Dear White People e a ferida exposta

Marlon Faria
Saideira
Published in
4 min readJun 27, 2017

Fazendo um breve exercício de reflexão é possível perceber que o racismo e seus temas correlatos nunca tiveram uma margem de discussão tão ampla quanto no momento atual. Diversos fatores contribuem para que a causa negra seja levada ao centro das conversas em redes sociais, na mídia tradicional e, sobretudo, no mundo da cultura pop. O impacto causado pela polêmica do #OscarsSoWhite, onde diversos atores e atrizes negros boicotaram uma das edições mais brancas da premiação, alegando falta de representatividade do artista negro entre os indicados, somou-se ao quase simultâneo momento de enfrentamento protagonizado pelo movimento negro nos Estados Unidos. A tag #BlackLivesMatter tomou conta do Twitter e transbordou para os noticiários após policiais assassinarem Michael Brown e Eric Garner, no Missouri e em Nova Iorque, respectivamente. O que os dois jovens tinham em comum? Eram negros.

Algum tempo se passou, mas o assunto continua efervescente e foi neste contexto que a Netflix lançou, na primeira semana de maio, seu novo seriado intitulado Dear White People — ou, em bom Português, Cara Gente Branca. A série chegou ao sistema de streaming logo após o barulho causado pela, não menos importante, 13 Reasons Why. Com um objetivo bastante delicado, ao longo dos dez episódios componentes desta primeira temporada, os roteiristas arriscaram fazer humor não-convencional, temperado com drama e uma forte veia social como sustentáculo desta que já pode ser considerada uma das produções mais sinceras que tocam a questão racial.

No núcleo da trama está Sam, uma menina negra de pele clara (sim, esse termo existe) que ancora um programa de rádio na Universidade de Winchester. Como a instituição de ensino é composta pela elite branca, Sam encontra em seu programa o espaço necessário para manter acesa a chama da resistência negra entre os estudantes. Curiosamente, a personagem mantém um relacionamento amoroso com um jovem branco. Fato que desperta na trama mais uma das subpautas do movimento negro, os relacionamentos inter-raciais.

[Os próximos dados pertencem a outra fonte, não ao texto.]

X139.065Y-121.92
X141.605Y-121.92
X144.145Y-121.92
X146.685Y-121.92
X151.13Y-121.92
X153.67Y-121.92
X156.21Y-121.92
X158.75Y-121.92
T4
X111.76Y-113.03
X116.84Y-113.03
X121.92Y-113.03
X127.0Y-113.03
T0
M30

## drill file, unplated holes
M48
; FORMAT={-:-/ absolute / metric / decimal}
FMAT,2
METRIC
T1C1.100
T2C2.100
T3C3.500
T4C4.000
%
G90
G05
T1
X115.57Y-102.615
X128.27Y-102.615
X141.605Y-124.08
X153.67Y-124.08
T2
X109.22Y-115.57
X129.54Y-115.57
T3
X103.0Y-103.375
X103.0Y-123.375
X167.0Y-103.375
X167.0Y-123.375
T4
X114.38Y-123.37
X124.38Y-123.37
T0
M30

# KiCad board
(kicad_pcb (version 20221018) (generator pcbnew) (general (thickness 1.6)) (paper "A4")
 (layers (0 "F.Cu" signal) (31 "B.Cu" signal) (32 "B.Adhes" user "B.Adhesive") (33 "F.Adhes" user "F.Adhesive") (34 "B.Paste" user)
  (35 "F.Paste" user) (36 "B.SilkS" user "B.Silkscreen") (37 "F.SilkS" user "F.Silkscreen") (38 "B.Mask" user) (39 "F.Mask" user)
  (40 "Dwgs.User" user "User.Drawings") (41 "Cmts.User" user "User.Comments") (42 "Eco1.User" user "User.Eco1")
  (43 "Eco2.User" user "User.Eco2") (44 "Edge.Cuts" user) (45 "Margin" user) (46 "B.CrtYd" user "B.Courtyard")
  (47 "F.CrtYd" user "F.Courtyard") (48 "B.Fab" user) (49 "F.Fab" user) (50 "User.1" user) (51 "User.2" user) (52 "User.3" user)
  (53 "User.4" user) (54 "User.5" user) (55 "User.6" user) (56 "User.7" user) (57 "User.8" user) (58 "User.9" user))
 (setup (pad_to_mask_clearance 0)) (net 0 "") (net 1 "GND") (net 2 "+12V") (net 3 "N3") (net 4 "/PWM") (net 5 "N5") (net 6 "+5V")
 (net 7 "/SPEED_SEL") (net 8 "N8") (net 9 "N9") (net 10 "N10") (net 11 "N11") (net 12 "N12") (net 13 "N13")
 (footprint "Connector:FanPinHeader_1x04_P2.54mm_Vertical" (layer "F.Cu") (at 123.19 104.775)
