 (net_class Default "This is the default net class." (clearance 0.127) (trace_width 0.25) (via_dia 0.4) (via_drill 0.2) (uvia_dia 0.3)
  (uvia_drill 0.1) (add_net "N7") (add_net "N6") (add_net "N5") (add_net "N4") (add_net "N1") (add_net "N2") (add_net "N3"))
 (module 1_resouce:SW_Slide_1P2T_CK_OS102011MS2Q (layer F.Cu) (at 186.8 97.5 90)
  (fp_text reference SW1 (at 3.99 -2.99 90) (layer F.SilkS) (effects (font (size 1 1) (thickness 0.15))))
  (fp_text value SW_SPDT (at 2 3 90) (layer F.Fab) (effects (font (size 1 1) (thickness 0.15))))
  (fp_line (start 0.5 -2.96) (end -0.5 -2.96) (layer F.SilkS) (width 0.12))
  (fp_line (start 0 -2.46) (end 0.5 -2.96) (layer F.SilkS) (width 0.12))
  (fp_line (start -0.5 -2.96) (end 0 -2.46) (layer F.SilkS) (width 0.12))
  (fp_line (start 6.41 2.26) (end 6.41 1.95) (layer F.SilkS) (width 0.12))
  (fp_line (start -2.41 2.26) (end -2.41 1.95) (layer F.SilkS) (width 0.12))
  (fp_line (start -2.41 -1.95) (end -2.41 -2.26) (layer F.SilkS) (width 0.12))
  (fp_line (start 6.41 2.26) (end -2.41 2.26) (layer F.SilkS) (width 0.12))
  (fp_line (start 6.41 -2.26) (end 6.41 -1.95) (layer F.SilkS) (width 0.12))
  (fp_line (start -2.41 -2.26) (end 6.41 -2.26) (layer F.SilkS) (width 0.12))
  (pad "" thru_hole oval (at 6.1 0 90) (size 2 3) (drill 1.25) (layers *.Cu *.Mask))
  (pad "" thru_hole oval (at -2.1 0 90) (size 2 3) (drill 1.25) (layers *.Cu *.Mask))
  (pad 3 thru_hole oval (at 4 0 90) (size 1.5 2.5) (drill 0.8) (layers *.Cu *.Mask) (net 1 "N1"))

A maneira como o roteiro aborda o tema, apresentando os dilemas de uma relação entre pessoas de raça diferentes mostra, inclusive, que o próprio movimento negro precisa refletir acerca desta questão.

Ao longo dos outros nove episódios desta primeira temporada, acompanhamos o contexto dos demais estudantes negros da universidade. São explorados assuntos como homossexualidade negra, hiperssexualização dos corpos negros, solidão da mulher negra, apropriação cultural, criminalização do indivíduo negro entre tantas outras verticais unidas por uma só motivação: o preconceito. Cada episódio narra a perspectiva de um dos personagens pertencentes ao movimento negro de Winchester e é esta dinâmica textual que confere ritmo, autenticidade e alma ao seriado.

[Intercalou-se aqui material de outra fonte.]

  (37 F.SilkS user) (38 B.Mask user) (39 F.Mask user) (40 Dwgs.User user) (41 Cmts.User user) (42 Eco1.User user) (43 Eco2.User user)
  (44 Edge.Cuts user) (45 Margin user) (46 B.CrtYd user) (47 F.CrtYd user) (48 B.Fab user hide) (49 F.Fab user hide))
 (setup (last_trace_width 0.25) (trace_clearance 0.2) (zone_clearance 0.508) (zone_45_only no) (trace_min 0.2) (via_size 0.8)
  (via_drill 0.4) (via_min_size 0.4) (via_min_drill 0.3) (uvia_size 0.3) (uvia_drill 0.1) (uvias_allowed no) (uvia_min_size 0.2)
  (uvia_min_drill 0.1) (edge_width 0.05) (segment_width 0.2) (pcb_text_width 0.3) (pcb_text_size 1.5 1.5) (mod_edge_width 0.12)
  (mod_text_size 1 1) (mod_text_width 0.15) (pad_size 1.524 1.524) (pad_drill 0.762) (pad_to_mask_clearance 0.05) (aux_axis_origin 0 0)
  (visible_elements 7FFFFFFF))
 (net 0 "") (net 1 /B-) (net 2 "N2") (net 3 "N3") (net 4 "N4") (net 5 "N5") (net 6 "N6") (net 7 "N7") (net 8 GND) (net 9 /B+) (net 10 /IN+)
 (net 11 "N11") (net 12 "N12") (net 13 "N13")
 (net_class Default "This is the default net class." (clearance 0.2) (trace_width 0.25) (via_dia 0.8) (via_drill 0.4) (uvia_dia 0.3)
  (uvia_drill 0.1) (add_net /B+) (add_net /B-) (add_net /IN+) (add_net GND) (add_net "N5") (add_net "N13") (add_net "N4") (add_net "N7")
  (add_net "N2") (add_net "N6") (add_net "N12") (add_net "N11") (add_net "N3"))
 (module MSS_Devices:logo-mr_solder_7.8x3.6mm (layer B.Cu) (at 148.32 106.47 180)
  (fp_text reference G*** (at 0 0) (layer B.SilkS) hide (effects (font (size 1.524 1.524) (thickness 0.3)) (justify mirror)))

Três diretores principais de cena se revezaram no comando da equipe técnica e do corpo de atores. Entre eles, Barry Jenkins, diretor de Moonlight, vencedor do Oscar 2017. Jenkins dirigiu o quinto episódio da série, dedicado ao personagem Reggie, que representa a ala mais radical do movimento negro e, consequentemente, a ala que mais sofre toda a sorte de preconceitos. Não por acaso, esta quinta parte é a sequência mais densa da temporada. É possível sentir uma diferença gritante do tom empregado, por exemplo, no segundo episódio, um dos mais fracos. A partir da história de Reggie, a série ganha novos contornos e conflui para um lugar bastante interessante.

São muitos os elementos que fazem desta série um marco. Além de ter uma temática que chama a atenção por si só, Dear White People é um liquidificador de referências pop que ri de tudo e de todos, inclusive de uma das personalidades negras mais poderosas da indústria do entretenimento. A série Scandal, da autora e roteirista Shonda Rhimes é parodiada ao extremo por apresentar uma versão higienizada e pouco realista de uma protagonista negra poderosa e bem sucedida que se apresenta como subserviente em seu envolvimento amoroso com um branco.

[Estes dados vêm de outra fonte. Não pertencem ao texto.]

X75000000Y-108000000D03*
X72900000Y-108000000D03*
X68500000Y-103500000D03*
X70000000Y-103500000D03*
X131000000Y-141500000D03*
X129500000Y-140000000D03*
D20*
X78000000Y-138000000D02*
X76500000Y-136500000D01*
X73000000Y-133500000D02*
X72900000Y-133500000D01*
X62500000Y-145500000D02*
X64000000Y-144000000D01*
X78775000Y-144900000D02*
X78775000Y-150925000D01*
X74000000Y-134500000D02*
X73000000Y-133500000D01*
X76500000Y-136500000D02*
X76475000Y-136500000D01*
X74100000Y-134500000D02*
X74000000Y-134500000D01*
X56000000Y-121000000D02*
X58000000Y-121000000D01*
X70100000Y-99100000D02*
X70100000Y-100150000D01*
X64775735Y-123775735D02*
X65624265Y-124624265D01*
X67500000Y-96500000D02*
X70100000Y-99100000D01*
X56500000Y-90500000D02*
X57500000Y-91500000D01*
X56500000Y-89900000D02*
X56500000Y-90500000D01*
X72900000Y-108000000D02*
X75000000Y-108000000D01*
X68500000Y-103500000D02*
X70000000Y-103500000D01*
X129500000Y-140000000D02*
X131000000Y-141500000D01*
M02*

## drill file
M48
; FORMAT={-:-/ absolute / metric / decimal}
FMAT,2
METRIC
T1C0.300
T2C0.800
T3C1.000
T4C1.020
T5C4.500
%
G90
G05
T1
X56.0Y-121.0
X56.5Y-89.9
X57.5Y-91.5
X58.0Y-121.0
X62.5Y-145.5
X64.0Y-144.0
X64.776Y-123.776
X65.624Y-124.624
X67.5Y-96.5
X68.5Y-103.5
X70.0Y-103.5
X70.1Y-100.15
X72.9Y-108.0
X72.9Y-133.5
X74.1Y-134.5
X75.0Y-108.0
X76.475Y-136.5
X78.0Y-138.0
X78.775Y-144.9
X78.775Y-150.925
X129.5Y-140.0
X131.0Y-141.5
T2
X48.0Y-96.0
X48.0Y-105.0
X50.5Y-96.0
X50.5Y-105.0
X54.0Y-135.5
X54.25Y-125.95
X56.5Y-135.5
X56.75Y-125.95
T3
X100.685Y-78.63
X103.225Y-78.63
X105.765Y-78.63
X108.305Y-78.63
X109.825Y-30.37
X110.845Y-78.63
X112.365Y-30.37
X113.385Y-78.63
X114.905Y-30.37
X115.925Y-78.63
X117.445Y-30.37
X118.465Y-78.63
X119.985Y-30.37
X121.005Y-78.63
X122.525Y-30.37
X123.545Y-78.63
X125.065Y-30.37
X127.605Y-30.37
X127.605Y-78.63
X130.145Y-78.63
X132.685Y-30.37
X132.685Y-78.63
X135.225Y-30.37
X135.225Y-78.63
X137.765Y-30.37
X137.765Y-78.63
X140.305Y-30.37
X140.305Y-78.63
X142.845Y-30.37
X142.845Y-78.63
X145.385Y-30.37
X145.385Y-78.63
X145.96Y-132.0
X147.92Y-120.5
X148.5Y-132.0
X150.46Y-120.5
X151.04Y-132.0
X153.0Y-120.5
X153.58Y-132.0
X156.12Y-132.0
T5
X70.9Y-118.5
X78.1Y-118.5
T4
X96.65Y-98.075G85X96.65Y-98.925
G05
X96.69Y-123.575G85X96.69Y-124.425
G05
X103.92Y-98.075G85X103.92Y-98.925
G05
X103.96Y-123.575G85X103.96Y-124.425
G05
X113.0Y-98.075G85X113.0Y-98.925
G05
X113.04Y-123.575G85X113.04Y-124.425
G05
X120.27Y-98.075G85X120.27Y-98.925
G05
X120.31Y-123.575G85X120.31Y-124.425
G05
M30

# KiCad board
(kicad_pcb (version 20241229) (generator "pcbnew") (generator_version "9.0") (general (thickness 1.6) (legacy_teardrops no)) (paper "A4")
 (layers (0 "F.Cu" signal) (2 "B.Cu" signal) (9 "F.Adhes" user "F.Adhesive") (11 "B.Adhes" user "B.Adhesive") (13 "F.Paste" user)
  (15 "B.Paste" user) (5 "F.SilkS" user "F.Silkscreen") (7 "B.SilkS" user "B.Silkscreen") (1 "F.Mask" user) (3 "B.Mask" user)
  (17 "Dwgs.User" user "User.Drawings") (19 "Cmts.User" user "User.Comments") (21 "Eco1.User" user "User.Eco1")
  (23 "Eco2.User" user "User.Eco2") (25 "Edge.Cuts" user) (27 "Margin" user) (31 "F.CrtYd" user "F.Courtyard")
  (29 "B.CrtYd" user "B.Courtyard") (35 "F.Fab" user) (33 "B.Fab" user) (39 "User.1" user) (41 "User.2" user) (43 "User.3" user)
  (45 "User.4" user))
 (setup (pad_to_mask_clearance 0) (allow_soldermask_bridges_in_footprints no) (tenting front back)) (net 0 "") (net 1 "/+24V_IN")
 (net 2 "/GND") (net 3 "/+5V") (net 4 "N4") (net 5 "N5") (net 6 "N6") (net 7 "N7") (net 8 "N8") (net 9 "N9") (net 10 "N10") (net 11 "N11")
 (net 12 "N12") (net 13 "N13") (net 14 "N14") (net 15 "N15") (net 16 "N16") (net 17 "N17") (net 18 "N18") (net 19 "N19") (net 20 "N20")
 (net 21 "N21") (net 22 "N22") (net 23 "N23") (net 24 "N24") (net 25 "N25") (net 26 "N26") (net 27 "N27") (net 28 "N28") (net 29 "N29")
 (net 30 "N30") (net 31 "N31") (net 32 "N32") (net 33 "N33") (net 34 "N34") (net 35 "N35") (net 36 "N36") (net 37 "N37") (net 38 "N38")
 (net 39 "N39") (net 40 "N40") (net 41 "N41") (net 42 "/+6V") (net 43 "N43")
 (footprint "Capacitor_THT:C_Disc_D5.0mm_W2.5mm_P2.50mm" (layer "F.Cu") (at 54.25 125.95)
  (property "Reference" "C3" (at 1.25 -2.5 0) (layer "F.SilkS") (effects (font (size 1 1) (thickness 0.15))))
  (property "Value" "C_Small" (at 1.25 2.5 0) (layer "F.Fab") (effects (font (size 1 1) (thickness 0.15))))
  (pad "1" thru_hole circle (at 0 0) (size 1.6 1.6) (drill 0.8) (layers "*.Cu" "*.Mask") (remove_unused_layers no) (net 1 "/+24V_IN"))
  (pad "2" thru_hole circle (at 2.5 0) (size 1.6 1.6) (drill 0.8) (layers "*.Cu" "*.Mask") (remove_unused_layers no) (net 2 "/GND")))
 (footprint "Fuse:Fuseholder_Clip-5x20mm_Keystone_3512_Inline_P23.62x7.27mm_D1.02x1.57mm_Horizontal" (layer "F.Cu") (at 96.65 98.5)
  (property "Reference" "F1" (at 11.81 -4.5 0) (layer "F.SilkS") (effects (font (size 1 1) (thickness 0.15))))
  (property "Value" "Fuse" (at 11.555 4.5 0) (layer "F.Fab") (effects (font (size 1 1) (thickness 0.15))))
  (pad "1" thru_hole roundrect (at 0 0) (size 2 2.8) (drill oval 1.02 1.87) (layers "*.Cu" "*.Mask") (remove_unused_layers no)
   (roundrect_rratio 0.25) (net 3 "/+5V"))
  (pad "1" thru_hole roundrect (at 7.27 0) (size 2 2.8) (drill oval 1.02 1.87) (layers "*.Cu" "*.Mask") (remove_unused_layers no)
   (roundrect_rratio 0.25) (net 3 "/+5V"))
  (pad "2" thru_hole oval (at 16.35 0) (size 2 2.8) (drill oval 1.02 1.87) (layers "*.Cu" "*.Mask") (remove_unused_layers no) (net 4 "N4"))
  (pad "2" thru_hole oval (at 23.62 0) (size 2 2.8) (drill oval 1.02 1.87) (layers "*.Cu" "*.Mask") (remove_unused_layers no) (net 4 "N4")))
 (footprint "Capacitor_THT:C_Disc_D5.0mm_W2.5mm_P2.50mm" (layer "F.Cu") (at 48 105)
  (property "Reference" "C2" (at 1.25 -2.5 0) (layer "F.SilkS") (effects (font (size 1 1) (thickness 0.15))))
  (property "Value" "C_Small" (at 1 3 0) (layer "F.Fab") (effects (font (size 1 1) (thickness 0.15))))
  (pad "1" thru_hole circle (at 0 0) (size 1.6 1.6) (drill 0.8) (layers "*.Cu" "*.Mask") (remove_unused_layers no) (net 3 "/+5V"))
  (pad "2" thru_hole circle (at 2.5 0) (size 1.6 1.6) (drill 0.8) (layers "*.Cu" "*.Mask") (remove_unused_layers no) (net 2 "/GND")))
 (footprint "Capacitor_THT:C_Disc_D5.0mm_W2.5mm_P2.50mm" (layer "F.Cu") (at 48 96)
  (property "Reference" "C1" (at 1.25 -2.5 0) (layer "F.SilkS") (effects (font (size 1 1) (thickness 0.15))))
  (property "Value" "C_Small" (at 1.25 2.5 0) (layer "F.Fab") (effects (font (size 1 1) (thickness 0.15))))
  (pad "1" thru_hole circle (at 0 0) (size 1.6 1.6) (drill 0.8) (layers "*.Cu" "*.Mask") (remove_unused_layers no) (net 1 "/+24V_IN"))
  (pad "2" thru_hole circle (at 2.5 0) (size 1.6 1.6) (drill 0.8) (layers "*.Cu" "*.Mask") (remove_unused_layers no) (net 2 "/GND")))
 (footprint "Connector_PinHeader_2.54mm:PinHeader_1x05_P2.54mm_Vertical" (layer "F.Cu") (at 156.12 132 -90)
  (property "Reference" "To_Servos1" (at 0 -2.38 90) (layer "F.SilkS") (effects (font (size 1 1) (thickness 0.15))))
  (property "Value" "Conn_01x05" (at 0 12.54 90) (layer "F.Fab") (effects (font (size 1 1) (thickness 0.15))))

Do ponto de vista técnico e visual, a série peca ao manter a mesma fotografia e composição de cenas em todos os seus episódios. Personagens diferentes pedem óticas diferentes e isso deveria modificar também as cores impressas em cada um dos capítulos. A parte isso, o que sobra é um mergulho nada raso, embora leve, nos problemas vividos por uma população negra inteligente, estudada e engajada que, portanto, tem no tom da pele o único motivador para as dificuldades que vive.

Texto escrito por Marlon Eduardo Faria, originalmente publicado no portal Vortex Cultural.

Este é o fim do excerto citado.